As if we needed more proof that we’re in another Gilded Age, railroad barons reared their ugly heads last week, forcing employees to the precipice of a strike. Why?
 
INEQUALITY.ORG
THIS WEEK
As if we needed more proof we’re living in another Gilded Age, railroad barons reared their ugly heads last week, forcing employees to the brink of a nationwide strike. Top corporate execs were opting once again to minimize their workforce to maximize shareholder value, in this case by demanding workers be available around-the-clock.

Jamelle Bouie put it simply in the New York Times: “The largest freight railroad carriers in the country were willing to cripple the transportation infrastructure of the United States rather than allow their workers to take the occasional day off to see a doctor or attend to their families.”

At least one American CEO has a more expansive, humane definition of what shareholding should mean. Patagonia founder Yvon Chouinard has announced that he’s reconstituting the lucrative outdoor outfitter’s ownership structure to fund a trust that fights climate change.

“Instead of extracting value from nature and transforming it into wealth for investors,” Chouinard is pledging to “use the wealth Patagonia creates to protect the source of all wealth.”

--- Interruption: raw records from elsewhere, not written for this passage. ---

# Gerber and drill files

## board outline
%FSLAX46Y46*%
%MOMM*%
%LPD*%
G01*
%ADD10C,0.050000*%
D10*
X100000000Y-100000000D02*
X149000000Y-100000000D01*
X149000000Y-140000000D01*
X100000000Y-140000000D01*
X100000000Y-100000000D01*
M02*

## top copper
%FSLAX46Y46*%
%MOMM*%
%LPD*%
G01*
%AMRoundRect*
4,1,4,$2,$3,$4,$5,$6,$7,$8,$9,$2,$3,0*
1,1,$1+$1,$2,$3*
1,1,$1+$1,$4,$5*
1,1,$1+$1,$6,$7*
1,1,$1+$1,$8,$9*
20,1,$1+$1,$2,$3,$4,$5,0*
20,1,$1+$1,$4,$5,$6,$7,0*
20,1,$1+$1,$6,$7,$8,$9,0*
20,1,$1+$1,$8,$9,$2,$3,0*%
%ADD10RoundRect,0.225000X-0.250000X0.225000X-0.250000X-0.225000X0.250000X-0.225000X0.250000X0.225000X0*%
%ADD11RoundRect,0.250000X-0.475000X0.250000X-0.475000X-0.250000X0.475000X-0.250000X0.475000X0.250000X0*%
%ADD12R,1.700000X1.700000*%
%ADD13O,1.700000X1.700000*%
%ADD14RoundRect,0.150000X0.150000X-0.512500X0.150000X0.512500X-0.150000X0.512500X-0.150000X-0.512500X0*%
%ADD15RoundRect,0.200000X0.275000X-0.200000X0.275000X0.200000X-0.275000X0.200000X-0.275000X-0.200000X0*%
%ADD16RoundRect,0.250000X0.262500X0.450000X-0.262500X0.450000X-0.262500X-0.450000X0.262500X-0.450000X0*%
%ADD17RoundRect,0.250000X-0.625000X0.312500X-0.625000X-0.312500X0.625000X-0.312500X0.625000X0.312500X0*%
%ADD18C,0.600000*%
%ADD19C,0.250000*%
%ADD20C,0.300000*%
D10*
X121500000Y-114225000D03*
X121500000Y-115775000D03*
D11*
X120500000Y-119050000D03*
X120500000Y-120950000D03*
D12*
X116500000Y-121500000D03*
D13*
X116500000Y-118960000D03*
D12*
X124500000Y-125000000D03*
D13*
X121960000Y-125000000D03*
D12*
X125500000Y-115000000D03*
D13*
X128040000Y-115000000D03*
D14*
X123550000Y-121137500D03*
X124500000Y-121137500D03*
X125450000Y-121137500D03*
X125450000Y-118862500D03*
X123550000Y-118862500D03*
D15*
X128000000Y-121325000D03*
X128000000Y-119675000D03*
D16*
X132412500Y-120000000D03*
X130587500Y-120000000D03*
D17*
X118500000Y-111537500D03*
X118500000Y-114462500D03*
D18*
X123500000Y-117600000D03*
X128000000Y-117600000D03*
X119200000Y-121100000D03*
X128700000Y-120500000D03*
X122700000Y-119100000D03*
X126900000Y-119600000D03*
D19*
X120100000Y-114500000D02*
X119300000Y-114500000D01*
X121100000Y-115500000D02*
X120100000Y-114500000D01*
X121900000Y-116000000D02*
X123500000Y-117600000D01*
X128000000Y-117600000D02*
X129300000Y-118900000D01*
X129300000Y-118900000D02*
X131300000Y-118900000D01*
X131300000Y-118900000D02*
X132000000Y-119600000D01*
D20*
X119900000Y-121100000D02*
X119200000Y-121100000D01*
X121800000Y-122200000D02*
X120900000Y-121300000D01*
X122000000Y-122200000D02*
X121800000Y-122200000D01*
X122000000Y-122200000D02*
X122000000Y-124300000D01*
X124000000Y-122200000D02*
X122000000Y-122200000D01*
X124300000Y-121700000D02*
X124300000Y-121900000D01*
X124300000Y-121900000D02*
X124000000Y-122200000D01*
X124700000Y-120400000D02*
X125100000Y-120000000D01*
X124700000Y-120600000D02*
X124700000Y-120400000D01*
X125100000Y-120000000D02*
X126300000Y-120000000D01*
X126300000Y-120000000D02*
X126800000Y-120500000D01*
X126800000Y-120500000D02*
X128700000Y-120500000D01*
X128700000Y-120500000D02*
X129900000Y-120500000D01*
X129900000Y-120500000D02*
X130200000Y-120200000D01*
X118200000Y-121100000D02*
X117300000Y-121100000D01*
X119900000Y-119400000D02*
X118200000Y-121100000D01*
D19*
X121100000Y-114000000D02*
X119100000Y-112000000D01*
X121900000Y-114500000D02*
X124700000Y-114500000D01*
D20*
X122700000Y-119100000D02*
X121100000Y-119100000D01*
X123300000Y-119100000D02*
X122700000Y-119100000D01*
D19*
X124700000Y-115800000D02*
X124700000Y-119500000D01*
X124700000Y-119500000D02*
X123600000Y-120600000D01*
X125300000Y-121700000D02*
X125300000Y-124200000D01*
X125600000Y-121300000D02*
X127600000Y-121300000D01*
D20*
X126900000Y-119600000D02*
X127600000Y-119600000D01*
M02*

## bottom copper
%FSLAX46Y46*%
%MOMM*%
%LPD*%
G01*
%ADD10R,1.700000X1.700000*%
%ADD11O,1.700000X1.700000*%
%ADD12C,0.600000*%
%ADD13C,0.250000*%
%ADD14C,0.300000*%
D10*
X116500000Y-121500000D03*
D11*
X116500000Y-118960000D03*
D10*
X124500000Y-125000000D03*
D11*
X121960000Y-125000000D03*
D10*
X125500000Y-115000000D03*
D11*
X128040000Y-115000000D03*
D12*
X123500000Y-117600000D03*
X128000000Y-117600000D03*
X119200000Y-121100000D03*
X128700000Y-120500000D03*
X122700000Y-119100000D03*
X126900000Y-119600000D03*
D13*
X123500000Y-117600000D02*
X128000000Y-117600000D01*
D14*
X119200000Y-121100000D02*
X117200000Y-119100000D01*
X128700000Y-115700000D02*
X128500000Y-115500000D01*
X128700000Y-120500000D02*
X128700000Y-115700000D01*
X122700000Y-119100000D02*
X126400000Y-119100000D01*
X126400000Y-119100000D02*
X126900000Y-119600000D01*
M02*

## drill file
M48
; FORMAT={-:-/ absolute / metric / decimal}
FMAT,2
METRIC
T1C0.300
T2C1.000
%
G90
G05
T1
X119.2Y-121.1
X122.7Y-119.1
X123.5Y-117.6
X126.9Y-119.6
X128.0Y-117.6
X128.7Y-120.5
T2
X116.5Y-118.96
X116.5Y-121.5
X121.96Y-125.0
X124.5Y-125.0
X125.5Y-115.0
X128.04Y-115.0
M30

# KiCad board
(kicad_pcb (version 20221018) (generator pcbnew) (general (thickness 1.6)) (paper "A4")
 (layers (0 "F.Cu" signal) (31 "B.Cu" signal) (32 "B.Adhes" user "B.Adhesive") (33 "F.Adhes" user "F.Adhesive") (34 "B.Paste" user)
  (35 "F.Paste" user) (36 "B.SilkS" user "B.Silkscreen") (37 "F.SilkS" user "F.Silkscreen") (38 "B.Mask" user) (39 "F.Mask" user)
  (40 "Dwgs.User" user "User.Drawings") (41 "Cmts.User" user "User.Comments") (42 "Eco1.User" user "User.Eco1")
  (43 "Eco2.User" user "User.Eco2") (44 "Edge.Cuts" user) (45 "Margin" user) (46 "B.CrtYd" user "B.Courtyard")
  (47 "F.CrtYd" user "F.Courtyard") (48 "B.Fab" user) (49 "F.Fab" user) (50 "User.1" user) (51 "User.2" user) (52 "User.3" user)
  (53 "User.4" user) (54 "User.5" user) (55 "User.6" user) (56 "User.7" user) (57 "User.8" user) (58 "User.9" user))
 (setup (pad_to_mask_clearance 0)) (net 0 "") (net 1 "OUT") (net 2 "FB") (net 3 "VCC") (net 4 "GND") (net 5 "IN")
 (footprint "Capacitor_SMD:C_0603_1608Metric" (layer "F.Cu") (at 121.5 115 -90)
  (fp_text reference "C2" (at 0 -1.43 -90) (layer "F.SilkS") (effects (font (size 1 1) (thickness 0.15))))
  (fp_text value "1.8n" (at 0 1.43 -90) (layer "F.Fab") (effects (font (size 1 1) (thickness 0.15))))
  (pad "1" smd roundrect (at -0.775 0 270) (size 0.9 0.95) (layers "F.Cu" "F.Paste" "F.Mask") (roundrect_rratio 0.25) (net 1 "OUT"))
  (pad "2" smd roundrect (at 0.775 0 270) (size 0.9 0.95) (layers "F.Cu" "F.Paste" "F.Mask") (roundrect_rratio 0.25) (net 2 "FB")))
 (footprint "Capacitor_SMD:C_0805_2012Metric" (layer "F.Cu") (at 120.5 120 -90)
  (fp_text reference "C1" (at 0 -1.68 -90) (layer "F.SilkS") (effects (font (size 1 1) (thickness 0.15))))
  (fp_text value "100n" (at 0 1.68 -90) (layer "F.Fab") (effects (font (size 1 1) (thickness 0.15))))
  (pad "1" smd roundrect (at -0.95 0 270) (size 1 1.45) (layers "F.Cu" "F.Paste" "F.Mask") (roundrect_rratio 0.25) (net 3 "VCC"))
  (pad "2" smd roundrect (at 0.95 0 270) (size 1 1.45) (layers "F.Cu" "F.Paste" "F.Mask") (roundrect_rratio 0.25) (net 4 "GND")))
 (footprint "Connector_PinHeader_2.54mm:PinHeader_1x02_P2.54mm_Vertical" (layer "F.Cu") (at 116.5 121.5 180)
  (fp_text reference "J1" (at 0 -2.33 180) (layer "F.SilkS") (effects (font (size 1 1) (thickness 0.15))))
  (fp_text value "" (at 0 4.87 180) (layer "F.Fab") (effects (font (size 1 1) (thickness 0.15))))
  (pad "1" thru_hole rect (at 0 0 180) (size 1.7 1.7) (drill 1) (layers "*.Cu" "*.Mask") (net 3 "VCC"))
  (pad "2" thru_hole oval (at 0 2.54 180) (size 1.7 1.7) (drill 1) (layers "*.Cu" "*.Mask") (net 4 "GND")))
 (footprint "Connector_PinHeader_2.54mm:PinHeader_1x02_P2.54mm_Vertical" (layer "F.Cu") (at 124.5 125 -90)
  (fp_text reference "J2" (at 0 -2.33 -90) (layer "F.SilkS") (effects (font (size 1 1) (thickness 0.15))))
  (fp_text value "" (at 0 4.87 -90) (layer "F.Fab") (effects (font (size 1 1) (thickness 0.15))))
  (pad "1" thru_hole rect (at 0 0 270) (size 1.7 1.7) (drill 1) (layers "*.Cu" "*.Mask") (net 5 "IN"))
  (pad "2" thru_hole oval (at 0 2.54 270) (size 1.7 1.7) (drill 1) (layers "*.Cu" "*.Mask") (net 4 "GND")))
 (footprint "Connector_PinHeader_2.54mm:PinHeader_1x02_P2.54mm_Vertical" (layer "F.Cu") (at 125.5 115 90)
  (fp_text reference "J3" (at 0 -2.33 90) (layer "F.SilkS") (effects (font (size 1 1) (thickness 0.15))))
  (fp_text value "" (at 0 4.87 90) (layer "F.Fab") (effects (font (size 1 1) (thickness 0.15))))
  (pad "1" thru_hole rect (at 0 0 90) (size 1.7 1.7) (drill 1) (layers "*.Cu" "*.Mask") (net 1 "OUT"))
  (pad "2" thru_hole oval (at 0 2.54 90) (size 1.7 1.7) (drill 1) (layers "*.Cu" "*.Mask") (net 4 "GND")))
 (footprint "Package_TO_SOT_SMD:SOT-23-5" (layer "F.Cu") (at 124.5 120 90)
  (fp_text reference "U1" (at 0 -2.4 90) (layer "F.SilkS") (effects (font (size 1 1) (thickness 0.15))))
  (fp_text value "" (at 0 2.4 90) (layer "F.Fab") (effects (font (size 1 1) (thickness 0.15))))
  (pad "1" smd roundrect (at -1.1375 -0.95 90) (size 1.325 0.6) (layers "F.Cu" "F.Paste" "F.Mask") (roundrect_rratio 0.25) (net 1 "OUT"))
  (pad "2" smd roundrect (at -1.1375 0 90) (size 1.325 0.6) (layers "F.Cu" "F.Paste" "F.Mask") (roundrect_rratio 0.25) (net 4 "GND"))
  (pad "3" smd roundrect (at -1.1375 0.95 90) (size 1.325 0.6) (layers "F.Cu" "F.Paste" "F.Mask") (roundrect_rratio 0.25) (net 5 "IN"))
  (pad "4" smd roundrect (at 1.1375 0.95 90) (size 1.325 0.6) (layers "F.Cu" "F.Paste" "F.Mask") (roundrect_rratio 0.25))
  (pad "5" smd roundrect (at 1.1375 -0.95 90) (size 1.325 0.6) (layers "F.Cu" "F.Paste" "F.Mask") (roundrect_rratio 0.25) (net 3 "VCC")))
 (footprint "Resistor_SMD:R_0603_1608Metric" (layer "F.Cu") (at 128 120.5 90)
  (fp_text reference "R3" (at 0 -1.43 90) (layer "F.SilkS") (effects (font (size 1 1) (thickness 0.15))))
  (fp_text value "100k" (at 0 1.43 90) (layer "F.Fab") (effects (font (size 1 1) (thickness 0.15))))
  (pad "1" smd roundrect (at -0.825 0 90) (size 0.8 0.95) (layers "F.Cu" "F.Paste" "F.Mask") (roundrect_rratio 0.25) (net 5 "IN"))
  (pad "2" smd roundrect (at 0.825 0 90) (size 0.8 0.95) (layers "F.Cu" "F.Paste" "F.Mask") (roundrect_rratio 0.25) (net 3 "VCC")))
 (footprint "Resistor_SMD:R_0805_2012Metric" (layer "F.Cu") (at 131.5 120 180)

We have more online on this historic move, a “logical extension” to Chouinard’s “lifelong commitment to defending the Earth.” Also on Inequality.org this week, a look at how another global billionaire celebrity, King Charles III, could put his fortune to much better use.

Our railways may have avoided a strike for the time being, thanks to eleventh-hour help from the Biden administration, but billionaire greed continues to thwart workers’ basic livelihoods. A tale as old as time — and we stand more than ready for a new one!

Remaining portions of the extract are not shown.